- _About this task_
Return each line in the records below that includes "Courtyard".

- _Entries provided_

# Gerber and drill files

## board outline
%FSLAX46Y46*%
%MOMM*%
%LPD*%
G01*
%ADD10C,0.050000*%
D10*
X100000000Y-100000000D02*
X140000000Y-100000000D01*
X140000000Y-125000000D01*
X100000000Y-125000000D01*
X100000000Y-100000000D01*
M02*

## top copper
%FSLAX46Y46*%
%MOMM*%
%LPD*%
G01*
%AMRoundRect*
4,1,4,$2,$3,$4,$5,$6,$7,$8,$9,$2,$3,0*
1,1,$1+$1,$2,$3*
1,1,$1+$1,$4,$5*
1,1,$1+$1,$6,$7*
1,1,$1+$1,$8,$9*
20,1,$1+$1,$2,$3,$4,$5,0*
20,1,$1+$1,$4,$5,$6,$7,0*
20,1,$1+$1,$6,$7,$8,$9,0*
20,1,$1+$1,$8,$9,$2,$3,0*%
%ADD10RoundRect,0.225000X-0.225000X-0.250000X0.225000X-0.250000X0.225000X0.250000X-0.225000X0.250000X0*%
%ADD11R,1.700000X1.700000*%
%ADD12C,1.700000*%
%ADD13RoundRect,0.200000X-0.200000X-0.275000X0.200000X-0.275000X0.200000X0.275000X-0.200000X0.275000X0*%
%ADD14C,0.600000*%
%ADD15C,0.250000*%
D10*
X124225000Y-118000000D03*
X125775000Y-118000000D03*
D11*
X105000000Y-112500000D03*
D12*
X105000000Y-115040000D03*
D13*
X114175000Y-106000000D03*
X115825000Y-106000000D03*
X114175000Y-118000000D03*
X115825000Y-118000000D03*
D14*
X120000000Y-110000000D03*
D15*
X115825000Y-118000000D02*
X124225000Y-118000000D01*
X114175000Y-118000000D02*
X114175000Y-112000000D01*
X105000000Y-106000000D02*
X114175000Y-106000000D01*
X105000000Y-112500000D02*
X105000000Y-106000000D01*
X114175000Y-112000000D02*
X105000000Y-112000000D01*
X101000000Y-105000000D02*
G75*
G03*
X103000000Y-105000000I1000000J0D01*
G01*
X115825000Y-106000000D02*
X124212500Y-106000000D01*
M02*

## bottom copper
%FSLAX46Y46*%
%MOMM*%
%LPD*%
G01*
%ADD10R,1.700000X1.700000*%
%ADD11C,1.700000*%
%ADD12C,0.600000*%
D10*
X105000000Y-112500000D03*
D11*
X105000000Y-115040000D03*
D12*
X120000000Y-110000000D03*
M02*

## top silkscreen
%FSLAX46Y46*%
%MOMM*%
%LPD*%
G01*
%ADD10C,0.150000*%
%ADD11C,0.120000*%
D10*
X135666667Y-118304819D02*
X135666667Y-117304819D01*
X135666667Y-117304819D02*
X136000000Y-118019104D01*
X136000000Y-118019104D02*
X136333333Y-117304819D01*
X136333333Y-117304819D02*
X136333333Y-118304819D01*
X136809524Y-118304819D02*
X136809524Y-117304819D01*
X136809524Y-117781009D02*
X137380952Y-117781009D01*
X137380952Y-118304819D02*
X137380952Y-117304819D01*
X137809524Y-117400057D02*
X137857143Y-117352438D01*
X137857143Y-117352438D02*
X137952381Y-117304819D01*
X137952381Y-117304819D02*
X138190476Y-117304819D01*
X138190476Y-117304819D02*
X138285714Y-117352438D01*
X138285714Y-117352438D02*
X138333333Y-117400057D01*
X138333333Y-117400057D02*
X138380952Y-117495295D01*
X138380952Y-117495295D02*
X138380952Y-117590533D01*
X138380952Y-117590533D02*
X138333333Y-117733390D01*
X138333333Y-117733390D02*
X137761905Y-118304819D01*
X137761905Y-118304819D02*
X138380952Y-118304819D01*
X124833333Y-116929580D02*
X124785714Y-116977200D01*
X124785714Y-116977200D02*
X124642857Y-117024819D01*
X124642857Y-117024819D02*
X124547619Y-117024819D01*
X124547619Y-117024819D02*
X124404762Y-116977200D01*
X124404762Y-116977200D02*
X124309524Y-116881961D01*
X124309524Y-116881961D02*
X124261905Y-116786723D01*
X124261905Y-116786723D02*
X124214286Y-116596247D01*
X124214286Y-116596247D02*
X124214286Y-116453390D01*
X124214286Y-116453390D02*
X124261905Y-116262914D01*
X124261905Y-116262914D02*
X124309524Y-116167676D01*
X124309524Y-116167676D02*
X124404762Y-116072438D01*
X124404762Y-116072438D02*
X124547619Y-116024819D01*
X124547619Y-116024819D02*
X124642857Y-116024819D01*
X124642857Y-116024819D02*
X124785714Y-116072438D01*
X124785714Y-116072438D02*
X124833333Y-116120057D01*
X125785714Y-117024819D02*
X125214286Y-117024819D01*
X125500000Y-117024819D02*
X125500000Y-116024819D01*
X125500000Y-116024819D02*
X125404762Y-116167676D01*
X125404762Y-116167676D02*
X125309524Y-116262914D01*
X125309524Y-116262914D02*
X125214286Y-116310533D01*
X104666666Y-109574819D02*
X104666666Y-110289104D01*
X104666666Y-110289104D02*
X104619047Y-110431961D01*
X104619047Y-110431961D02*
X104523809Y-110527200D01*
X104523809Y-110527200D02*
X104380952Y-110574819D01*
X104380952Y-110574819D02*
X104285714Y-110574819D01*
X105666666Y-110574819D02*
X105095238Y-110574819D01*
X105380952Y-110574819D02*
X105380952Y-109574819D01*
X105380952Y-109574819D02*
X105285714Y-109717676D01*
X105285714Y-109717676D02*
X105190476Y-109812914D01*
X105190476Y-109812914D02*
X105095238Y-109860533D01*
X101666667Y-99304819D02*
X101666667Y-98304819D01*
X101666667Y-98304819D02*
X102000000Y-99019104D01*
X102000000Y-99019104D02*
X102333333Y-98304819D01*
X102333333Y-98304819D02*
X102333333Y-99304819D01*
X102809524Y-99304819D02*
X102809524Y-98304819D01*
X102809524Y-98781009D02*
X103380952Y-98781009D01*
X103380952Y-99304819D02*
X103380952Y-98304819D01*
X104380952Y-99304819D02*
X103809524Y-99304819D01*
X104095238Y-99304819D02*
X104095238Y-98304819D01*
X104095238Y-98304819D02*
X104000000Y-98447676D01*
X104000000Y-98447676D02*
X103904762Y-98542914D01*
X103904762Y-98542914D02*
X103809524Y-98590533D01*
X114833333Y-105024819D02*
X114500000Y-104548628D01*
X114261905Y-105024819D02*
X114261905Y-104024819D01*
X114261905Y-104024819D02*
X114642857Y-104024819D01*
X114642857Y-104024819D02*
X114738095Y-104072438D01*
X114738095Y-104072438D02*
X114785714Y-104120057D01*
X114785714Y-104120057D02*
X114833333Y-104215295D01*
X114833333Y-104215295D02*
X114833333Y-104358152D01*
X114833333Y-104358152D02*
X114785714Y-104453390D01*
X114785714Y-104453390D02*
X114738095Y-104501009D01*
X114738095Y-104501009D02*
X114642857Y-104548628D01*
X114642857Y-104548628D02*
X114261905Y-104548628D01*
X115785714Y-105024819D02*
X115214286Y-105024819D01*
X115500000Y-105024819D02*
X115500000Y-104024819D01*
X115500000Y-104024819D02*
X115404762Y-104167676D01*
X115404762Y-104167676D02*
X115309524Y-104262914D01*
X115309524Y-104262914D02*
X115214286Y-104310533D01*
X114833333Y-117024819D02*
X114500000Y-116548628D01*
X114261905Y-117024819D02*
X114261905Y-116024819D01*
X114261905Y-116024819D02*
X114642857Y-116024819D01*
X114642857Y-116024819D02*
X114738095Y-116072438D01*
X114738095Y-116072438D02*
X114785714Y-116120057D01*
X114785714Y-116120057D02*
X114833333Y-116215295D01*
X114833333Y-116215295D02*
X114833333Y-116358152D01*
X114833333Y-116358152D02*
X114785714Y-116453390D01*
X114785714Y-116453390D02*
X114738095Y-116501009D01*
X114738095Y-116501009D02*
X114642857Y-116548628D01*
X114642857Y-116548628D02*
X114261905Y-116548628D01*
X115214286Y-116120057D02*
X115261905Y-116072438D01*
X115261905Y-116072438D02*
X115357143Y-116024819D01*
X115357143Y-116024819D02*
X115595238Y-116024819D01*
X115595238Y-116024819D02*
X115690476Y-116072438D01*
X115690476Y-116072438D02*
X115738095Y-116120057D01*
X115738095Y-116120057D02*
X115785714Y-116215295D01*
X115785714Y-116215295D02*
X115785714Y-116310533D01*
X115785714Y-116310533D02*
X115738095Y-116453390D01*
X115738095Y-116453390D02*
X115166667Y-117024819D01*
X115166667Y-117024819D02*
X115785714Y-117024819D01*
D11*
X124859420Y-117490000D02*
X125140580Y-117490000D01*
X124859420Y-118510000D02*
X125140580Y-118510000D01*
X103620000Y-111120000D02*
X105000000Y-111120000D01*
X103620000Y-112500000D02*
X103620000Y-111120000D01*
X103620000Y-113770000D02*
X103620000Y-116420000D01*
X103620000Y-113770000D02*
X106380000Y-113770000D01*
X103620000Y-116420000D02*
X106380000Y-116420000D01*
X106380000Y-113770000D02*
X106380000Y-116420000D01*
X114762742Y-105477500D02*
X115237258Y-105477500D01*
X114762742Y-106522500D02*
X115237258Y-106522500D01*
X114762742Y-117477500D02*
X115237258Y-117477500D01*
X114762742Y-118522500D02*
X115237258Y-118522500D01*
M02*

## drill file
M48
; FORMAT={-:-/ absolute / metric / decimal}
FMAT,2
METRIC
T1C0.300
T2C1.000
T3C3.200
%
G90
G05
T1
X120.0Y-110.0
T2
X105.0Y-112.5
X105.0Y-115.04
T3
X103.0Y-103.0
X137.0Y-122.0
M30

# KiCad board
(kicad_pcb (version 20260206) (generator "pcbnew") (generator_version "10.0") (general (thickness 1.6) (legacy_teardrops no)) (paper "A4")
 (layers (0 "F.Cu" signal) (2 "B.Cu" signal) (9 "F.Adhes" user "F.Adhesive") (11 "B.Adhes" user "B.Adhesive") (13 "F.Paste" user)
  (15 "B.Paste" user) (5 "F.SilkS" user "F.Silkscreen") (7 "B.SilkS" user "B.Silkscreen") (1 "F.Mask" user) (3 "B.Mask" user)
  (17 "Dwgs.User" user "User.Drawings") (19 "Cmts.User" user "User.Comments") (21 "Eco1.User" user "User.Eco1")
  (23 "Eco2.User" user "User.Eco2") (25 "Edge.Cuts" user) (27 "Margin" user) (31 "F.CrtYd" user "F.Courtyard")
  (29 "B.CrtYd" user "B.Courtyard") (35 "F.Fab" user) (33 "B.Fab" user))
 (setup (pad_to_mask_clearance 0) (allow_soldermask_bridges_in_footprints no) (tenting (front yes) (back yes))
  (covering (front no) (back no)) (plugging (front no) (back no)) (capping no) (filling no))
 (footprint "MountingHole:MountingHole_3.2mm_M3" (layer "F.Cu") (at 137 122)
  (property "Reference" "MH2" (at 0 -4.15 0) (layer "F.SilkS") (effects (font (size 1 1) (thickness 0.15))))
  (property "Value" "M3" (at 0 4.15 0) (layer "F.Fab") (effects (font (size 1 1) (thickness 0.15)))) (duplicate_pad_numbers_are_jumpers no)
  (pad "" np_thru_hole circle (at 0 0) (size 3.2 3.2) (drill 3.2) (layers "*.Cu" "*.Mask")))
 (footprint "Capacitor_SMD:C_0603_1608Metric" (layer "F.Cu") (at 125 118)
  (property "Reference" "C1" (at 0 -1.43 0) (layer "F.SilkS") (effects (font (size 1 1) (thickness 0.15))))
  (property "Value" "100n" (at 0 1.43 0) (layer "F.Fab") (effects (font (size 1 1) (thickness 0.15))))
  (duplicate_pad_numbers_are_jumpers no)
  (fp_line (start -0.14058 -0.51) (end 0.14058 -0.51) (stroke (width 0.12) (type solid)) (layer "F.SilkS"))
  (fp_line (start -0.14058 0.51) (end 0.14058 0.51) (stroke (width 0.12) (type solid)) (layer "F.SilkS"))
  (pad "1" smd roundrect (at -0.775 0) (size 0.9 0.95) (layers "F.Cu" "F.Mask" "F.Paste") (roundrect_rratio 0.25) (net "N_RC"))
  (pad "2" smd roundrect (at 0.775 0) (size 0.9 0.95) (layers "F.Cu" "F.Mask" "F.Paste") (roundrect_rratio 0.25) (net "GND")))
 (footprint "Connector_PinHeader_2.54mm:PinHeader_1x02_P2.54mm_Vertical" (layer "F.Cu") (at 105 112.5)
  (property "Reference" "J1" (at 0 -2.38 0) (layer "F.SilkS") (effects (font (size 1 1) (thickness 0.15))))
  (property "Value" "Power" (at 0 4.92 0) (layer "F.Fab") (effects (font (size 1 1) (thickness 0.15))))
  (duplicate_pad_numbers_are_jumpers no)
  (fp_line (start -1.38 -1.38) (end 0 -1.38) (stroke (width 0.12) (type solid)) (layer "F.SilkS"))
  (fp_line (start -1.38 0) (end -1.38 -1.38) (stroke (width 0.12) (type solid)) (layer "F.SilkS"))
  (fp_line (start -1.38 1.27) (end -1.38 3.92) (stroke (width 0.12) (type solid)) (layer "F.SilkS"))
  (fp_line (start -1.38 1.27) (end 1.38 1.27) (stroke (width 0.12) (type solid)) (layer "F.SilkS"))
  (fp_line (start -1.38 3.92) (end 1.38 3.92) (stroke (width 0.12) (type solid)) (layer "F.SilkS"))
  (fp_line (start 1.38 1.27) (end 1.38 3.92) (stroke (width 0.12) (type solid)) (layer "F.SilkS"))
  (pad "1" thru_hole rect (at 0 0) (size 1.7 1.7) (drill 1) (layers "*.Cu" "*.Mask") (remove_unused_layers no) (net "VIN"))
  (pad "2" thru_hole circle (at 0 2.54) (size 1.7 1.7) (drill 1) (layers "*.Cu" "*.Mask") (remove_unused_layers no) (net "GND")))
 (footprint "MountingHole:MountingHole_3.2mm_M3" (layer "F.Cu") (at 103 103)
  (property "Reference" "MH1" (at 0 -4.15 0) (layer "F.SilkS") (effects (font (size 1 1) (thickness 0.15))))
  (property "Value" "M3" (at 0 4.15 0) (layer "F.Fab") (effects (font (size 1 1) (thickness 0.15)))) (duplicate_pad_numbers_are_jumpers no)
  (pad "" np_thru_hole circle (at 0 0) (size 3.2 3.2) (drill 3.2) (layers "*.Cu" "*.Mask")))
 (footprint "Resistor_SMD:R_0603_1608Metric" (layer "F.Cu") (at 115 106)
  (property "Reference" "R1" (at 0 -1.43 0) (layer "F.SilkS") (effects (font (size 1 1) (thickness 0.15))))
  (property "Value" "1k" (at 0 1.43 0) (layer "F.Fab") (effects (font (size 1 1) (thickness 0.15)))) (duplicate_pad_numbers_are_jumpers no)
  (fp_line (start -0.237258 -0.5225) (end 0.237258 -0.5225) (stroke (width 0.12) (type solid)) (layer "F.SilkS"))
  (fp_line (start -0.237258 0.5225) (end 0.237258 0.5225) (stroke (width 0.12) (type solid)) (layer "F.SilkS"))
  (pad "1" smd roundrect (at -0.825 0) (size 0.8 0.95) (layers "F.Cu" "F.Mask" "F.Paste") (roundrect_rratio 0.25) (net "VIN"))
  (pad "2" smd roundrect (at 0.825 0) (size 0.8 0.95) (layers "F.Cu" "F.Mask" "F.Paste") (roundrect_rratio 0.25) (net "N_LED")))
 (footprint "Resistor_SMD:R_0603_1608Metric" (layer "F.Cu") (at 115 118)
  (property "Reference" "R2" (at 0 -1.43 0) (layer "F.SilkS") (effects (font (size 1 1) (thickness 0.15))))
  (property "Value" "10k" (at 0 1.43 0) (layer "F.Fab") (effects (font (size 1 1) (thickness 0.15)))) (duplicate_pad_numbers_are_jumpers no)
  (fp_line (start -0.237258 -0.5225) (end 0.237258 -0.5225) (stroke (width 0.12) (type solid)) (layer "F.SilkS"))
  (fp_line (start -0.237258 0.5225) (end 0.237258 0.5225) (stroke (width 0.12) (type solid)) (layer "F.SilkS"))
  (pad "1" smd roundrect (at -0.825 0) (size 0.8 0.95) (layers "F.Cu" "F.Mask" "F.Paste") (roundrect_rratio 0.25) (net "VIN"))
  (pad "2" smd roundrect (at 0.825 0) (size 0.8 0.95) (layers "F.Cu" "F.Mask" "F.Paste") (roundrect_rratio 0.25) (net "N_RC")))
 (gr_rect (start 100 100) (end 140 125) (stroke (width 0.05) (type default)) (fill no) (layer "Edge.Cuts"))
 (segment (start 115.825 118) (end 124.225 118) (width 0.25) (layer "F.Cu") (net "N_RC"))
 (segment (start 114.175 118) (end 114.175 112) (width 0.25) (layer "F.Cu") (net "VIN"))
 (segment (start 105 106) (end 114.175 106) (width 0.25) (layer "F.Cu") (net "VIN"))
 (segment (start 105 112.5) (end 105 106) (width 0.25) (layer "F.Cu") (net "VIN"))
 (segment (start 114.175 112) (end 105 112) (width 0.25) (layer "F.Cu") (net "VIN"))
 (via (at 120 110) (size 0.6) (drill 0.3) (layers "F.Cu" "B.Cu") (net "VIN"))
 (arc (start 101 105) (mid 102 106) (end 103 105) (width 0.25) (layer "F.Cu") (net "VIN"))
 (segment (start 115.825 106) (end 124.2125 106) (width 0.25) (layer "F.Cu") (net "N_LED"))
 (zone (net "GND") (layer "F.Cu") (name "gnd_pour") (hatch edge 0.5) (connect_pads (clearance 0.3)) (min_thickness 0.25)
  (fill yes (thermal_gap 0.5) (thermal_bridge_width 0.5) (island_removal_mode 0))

- _Solution_
  (23 "Eco2.User" user "User.Eco2") (25 "Edge.Cuts" user) (27 "Margin" user) (31 "F.CrtYd" user "F.Courtyard")
  (29 "B.CrtYd" user "B.Courtyard") (35 "F.Fab" user) (33 "B.Fab" user))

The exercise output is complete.